* **REQUIRED WORK**: Print, in exact form, the lines below from the one containing "X122.66Y-56.87" through the one containing "X145.68Y-67.03", and omit all others.
◇ ◇ ◇
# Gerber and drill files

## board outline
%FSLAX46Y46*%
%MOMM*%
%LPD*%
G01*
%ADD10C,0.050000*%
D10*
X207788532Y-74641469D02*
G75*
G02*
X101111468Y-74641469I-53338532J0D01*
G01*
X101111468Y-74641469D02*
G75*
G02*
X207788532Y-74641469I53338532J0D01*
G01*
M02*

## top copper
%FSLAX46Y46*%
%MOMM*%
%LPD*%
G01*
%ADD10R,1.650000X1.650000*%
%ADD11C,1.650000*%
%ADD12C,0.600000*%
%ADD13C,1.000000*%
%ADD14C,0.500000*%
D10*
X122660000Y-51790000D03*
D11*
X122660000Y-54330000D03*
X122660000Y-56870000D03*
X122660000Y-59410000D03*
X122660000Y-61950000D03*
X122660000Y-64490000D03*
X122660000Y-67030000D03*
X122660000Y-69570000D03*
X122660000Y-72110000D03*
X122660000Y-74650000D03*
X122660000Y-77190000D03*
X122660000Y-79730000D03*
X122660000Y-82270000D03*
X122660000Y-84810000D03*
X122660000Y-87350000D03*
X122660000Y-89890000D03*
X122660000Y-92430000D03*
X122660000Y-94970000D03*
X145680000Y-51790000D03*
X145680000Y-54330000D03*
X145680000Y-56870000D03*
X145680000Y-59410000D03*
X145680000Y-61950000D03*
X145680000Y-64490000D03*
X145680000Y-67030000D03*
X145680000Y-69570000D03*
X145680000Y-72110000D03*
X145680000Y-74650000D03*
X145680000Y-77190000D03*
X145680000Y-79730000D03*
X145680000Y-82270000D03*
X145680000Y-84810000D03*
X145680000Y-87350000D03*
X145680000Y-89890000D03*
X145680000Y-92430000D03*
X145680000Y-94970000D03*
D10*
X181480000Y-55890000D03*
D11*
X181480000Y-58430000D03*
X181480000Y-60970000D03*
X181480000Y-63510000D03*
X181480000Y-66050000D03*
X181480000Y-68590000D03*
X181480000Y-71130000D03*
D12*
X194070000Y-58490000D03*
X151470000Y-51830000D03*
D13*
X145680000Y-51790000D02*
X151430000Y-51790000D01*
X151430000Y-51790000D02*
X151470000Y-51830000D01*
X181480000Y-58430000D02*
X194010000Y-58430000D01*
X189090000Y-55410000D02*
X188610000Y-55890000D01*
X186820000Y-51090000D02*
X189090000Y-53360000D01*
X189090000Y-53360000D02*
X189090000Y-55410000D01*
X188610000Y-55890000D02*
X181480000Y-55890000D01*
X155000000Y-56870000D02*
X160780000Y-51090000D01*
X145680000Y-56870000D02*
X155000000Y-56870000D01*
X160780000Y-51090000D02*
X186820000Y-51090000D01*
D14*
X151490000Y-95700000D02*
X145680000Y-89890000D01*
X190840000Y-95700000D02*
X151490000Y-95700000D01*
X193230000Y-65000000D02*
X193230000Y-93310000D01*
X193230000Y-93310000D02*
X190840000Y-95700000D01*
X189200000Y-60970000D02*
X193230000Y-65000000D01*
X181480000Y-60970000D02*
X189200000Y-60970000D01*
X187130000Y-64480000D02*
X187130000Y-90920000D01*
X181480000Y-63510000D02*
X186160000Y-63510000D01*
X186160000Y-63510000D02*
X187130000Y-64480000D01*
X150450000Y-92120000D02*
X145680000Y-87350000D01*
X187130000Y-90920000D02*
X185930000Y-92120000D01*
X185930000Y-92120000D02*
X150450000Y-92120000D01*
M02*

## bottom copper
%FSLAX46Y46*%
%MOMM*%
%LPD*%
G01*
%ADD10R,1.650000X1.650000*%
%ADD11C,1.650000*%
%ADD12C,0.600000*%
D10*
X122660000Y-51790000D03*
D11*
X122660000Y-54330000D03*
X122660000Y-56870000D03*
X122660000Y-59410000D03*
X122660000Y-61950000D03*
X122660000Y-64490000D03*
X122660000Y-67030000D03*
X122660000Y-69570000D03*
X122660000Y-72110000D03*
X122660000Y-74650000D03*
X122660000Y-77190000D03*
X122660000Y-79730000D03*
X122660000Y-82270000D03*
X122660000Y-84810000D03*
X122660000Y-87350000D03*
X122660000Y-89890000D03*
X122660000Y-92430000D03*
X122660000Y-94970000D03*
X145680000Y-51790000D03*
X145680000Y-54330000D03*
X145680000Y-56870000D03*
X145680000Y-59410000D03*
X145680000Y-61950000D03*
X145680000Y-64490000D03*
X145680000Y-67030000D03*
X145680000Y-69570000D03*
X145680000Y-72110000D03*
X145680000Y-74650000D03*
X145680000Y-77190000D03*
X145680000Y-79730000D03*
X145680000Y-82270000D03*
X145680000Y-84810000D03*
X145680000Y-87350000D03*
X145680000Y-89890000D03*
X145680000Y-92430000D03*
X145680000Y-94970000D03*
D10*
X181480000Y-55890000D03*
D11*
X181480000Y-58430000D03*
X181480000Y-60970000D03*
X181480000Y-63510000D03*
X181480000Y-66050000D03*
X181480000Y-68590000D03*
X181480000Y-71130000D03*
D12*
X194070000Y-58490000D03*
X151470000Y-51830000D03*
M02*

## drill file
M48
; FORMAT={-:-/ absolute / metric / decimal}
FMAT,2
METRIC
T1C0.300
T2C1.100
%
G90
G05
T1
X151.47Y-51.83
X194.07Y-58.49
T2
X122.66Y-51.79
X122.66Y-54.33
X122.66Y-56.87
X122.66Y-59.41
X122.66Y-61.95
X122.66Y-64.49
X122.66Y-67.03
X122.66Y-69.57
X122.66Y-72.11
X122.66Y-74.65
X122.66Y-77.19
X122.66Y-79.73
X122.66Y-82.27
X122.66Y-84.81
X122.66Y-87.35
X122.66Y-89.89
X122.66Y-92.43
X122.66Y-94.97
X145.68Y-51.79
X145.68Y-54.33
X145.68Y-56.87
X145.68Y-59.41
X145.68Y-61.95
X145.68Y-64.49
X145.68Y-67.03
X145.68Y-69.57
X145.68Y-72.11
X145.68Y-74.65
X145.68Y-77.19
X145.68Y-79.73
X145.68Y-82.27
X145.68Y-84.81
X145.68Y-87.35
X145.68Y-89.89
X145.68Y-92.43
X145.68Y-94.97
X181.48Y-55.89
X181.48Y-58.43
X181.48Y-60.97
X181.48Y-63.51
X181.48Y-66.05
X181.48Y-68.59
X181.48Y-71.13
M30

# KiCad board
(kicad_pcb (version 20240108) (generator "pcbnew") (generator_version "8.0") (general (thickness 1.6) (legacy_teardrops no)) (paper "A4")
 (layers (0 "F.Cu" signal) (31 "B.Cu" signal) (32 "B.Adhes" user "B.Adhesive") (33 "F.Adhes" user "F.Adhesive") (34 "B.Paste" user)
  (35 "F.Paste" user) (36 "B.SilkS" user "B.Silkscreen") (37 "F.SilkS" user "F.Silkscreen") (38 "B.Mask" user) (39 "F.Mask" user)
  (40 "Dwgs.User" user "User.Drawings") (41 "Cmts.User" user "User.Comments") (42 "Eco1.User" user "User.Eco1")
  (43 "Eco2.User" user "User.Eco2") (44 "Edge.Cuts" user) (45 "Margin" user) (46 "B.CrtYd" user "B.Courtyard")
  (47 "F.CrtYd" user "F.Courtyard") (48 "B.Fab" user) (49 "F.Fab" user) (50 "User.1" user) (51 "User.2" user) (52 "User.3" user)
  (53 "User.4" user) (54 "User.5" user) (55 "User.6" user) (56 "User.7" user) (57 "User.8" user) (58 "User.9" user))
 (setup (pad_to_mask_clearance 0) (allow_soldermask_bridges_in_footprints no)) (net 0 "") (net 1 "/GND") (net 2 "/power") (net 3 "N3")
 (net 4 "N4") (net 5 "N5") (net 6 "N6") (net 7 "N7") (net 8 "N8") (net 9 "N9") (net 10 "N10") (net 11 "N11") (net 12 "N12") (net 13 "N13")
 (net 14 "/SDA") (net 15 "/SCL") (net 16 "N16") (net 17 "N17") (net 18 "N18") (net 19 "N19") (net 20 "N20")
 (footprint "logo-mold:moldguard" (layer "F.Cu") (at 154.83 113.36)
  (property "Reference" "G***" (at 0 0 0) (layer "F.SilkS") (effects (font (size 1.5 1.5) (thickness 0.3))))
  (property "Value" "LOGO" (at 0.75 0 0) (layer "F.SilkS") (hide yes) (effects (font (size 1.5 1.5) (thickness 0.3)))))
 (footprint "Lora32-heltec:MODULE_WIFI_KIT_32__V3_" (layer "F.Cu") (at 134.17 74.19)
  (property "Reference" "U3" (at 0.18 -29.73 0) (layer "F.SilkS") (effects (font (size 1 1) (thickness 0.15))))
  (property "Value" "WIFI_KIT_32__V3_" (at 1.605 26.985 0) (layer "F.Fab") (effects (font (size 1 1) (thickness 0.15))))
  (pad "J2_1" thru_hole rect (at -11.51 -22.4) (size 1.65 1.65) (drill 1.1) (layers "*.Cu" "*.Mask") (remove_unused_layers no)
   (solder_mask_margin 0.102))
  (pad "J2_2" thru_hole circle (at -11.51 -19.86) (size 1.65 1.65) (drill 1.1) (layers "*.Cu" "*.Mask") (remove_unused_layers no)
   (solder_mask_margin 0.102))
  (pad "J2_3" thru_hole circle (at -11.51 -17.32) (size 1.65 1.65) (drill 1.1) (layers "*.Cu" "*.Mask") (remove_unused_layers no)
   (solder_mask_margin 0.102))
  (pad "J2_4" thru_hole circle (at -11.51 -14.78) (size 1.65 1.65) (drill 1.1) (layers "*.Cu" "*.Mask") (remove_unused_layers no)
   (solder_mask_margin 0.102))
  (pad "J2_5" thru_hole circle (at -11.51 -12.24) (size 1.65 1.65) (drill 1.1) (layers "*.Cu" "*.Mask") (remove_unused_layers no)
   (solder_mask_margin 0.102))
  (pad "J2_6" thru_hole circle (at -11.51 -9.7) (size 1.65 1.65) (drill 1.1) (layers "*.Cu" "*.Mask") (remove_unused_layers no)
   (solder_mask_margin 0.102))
◇ ◇ ◇
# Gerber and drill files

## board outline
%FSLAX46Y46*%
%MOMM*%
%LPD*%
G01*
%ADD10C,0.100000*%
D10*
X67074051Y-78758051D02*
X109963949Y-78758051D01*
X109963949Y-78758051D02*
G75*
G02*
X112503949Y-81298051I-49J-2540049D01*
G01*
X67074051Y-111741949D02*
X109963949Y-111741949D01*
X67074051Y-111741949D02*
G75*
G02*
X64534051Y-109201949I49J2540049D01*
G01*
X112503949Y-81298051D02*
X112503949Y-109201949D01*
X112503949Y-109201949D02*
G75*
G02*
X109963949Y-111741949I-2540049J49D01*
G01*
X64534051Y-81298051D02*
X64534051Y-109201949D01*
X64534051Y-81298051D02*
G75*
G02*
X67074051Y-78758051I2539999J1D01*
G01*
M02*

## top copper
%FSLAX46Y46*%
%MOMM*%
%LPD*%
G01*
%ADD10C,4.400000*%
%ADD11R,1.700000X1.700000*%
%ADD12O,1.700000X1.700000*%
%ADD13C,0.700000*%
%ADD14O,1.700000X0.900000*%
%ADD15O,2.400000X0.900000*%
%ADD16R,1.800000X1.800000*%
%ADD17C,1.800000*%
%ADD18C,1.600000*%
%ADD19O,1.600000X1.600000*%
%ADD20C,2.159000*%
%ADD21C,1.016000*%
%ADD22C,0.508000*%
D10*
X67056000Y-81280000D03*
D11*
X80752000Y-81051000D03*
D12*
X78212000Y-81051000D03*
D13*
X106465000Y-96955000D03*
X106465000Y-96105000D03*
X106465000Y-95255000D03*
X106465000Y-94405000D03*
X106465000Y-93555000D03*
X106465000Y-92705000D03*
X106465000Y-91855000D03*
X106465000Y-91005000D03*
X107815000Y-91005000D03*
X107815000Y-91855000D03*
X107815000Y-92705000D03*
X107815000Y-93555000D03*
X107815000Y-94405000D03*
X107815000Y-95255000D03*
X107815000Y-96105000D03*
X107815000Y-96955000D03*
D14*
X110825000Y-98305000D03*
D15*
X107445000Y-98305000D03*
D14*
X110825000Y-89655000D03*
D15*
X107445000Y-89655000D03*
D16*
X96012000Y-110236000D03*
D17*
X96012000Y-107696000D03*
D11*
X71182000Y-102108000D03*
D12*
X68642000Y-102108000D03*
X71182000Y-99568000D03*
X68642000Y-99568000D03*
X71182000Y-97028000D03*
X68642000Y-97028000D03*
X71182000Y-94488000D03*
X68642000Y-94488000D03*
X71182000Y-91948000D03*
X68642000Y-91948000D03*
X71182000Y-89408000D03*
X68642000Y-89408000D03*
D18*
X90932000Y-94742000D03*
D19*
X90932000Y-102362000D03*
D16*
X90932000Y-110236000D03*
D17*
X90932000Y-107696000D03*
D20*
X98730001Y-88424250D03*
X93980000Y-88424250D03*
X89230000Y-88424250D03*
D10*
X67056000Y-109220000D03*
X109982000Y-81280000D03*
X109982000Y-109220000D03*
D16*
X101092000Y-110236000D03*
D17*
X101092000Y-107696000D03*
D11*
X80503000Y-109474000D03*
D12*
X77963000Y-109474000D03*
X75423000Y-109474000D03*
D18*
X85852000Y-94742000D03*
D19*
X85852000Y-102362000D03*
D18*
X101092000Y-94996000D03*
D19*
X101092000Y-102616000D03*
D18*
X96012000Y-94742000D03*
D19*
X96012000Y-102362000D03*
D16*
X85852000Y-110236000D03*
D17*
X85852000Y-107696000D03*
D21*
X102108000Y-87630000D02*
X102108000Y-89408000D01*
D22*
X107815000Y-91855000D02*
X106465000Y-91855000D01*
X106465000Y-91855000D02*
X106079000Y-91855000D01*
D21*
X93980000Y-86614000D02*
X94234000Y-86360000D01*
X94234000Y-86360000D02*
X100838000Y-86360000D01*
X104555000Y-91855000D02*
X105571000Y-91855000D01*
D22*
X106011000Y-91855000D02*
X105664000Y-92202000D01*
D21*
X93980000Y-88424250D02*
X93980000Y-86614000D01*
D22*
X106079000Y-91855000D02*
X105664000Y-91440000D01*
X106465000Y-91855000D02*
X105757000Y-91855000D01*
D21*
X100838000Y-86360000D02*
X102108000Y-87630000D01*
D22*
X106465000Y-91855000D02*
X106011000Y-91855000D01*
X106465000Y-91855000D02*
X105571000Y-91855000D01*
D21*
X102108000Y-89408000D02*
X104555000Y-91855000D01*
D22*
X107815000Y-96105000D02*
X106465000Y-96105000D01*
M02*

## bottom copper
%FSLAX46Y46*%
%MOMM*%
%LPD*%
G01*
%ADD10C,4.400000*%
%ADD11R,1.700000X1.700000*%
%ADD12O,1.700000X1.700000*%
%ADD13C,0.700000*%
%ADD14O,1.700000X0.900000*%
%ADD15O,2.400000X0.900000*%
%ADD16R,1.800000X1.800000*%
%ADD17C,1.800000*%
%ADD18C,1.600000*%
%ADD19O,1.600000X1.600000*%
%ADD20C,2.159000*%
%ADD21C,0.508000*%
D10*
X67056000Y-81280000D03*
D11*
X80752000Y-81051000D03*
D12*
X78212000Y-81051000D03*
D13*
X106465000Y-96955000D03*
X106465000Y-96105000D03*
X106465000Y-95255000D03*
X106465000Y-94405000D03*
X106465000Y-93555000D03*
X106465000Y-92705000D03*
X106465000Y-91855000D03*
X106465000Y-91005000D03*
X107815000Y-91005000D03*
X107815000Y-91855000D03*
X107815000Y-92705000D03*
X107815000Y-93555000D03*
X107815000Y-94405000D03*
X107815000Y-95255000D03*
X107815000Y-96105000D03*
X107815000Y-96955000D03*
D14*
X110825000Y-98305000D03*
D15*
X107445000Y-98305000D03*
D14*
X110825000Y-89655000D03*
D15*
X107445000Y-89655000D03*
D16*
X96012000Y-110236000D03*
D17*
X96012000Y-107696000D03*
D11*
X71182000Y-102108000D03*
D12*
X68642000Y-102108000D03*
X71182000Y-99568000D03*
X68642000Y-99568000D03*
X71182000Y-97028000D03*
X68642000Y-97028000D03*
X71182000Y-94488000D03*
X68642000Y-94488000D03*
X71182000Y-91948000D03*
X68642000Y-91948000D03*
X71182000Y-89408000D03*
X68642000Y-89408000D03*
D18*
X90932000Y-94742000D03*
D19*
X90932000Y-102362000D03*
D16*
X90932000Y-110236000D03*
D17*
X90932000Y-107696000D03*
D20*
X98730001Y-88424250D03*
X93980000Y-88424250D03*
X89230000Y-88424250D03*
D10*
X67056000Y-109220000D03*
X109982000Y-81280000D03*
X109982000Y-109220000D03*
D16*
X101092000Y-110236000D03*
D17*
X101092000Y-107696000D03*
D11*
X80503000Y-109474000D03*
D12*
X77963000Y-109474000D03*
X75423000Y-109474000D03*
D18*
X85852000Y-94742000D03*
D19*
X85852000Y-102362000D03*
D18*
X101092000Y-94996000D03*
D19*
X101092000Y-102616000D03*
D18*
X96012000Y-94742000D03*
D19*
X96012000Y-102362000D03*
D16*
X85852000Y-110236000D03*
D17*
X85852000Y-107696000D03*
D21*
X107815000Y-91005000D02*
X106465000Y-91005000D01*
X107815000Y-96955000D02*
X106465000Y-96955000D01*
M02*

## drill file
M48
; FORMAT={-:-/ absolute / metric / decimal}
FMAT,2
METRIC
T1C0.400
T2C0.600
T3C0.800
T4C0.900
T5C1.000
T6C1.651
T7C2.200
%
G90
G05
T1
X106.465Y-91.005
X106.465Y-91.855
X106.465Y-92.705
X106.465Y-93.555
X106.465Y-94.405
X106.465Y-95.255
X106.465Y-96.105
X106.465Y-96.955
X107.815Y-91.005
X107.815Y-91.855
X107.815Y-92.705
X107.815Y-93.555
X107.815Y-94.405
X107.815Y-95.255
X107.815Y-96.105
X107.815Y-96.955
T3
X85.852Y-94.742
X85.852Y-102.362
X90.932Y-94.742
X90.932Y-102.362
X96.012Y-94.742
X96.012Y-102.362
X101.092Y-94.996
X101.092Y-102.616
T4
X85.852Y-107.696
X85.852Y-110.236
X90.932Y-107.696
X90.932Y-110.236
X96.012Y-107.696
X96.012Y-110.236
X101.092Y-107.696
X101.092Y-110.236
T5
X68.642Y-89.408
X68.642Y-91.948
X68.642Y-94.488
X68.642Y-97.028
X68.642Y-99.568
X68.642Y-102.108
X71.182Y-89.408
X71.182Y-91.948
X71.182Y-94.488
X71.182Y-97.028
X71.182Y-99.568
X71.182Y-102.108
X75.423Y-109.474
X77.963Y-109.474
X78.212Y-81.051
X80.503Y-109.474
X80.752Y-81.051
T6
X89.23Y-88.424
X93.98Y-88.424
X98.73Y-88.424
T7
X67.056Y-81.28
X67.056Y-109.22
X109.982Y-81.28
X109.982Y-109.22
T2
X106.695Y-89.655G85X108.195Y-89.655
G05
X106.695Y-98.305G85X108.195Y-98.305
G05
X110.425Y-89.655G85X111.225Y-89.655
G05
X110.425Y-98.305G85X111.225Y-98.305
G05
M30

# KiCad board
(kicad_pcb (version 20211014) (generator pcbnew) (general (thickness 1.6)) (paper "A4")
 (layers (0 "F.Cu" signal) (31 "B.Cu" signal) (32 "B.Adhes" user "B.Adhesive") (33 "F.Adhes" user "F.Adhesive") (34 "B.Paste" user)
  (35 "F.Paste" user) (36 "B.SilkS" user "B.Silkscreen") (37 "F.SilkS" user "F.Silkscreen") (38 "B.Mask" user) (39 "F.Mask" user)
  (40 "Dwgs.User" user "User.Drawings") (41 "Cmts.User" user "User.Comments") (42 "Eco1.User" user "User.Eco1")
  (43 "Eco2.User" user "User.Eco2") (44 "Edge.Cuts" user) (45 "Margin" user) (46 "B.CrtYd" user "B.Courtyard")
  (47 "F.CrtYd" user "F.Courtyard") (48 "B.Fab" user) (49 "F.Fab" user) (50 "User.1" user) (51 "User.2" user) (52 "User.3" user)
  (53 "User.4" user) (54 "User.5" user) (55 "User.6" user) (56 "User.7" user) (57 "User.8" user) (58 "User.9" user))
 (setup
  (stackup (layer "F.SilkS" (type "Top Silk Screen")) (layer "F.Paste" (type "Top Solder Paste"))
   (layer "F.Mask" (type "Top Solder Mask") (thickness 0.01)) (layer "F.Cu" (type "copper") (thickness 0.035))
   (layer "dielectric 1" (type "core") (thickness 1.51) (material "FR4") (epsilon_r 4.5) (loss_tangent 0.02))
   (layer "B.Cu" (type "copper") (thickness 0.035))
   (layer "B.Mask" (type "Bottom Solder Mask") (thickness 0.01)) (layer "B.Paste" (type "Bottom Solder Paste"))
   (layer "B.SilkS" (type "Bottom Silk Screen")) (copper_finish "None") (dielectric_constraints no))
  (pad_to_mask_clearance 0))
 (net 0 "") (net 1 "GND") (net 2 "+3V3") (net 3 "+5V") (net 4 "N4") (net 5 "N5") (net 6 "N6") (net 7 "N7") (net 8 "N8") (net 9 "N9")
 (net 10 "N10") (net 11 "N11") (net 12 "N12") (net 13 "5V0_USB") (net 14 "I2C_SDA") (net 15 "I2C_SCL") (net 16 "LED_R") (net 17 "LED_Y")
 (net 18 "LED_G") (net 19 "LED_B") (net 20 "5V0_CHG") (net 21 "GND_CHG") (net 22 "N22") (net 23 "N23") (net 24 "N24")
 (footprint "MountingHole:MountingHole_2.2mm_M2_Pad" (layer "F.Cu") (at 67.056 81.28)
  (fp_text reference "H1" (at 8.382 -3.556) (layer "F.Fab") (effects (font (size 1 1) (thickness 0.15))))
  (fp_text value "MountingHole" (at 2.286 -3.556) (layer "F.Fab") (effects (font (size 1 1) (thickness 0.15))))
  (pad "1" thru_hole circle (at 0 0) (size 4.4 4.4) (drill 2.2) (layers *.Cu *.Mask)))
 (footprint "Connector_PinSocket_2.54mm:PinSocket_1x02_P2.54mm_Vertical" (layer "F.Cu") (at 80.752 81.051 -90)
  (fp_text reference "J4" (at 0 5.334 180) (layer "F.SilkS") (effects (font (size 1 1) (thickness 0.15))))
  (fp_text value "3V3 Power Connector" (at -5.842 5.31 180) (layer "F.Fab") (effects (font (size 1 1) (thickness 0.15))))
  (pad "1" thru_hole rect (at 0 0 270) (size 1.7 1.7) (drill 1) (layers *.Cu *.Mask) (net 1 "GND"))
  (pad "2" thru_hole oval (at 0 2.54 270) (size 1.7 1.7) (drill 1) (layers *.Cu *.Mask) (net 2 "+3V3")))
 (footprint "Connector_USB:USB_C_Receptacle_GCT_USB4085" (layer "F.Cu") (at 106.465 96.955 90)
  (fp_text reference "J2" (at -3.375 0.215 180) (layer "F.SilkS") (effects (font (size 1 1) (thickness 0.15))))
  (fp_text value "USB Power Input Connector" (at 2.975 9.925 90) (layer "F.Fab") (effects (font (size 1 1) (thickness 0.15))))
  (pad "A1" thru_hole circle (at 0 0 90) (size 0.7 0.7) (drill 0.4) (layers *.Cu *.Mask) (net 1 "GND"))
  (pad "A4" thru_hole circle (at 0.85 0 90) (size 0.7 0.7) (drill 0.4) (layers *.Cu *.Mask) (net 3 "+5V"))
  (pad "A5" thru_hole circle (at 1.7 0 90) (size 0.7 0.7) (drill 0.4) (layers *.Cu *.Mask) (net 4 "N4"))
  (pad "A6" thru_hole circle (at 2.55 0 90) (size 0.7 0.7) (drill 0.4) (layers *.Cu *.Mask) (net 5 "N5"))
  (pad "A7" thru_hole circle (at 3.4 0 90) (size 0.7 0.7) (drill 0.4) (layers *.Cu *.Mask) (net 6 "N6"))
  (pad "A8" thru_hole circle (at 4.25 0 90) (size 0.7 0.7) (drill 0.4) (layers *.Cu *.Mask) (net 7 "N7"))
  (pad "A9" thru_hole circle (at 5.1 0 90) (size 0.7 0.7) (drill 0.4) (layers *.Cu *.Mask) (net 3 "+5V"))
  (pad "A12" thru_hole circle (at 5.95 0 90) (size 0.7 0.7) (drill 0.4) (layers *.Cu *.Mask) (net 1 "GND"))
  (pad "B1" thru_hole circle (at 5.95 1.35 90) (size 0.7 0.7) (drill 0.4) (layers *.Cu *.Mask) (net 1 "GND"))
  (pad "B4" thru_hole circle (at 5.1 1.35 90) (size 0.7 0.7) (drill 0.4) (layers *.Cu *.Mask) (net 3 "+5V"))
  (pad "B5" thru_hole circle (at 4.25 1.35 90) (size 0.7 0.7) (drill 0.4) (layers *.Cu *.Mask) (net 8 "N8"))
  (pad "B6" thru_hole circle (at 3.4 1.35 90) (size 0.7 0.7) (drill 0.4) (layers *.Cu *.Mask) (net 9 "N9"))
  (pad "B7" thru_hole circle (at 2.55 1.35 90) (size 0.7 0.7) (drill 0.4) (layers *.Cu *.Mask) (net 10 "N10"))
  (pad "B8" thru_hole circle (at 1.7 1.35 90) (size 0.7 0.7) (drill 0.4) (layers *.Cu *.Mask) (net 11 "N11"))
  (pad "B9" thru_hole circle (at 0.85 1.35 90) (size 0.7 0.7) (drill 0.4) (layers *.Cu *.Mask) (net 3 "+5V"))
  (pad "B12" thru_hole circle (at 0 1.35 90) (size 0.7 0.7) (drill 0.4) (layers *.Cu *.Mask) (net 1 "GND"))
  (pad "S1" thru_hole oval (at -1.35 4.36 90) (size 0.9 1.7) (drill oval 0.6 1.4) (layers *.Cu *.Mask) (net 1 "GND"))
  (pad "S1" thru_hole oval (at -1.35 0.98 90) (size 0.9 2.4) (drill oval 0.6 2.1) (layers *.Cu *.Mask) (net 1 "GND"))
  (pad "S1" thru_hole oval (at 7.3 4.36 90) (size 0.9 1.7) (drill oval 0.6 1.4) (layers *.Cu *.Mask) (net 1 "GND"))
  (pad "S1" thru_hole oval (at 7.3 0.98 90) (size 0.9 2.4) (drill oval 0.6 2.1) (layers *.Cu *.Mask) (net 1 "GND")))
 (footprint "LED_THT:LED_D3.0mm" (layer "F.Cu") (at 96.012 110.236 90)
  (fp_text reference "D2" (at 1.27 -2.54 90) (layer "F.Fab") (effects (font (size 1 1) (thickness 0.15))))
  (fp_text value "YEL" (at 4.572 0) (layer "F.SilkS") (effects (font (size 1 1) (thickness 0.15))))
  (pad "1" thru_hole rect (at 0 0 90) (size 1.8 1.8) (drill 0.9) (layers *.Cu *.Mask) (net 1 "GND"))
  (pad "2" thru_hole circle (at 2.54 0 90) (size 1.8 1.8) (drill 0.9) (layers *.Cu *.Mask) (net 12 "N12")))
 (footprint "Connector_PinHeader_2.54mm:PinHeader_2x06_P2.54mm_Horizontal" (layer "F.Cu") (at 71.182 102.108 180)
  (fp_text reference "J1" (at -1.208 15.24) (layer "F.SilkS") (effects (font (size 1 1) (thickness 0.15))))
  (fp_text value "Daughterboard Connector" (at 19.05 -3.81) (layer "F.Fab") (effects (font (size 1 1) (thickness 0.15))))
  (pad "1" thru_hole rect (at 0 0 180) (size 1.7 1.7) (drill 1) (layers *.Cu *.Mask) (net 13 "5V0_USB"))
◇ ◇ ◇
* **EXERCISE OUTPUT**:
X122.66Y-56.87
X122.66Y-59.41
X122.66Y-61.95
X122.66Y-64.49
X122.66Y-67.03
X122.66Y-69.57
X122.66Y-72.11
X122.66Y-74.65
X122.66Y-77.19
X122.66Y-79.73
X122.66Y-82.27
X122.66Y-84.81
X122.66Y-87.35
X122.66Y-89.89
X122.66Y-92.43
X122.66Y-94.97
X145.68Y-51.79
X145.68Y-54.33
X145.68Y-56.87
X145.68Y-59.41
X145.68Y-61.95
X145.68Y-64.49
X145.68Y-67.03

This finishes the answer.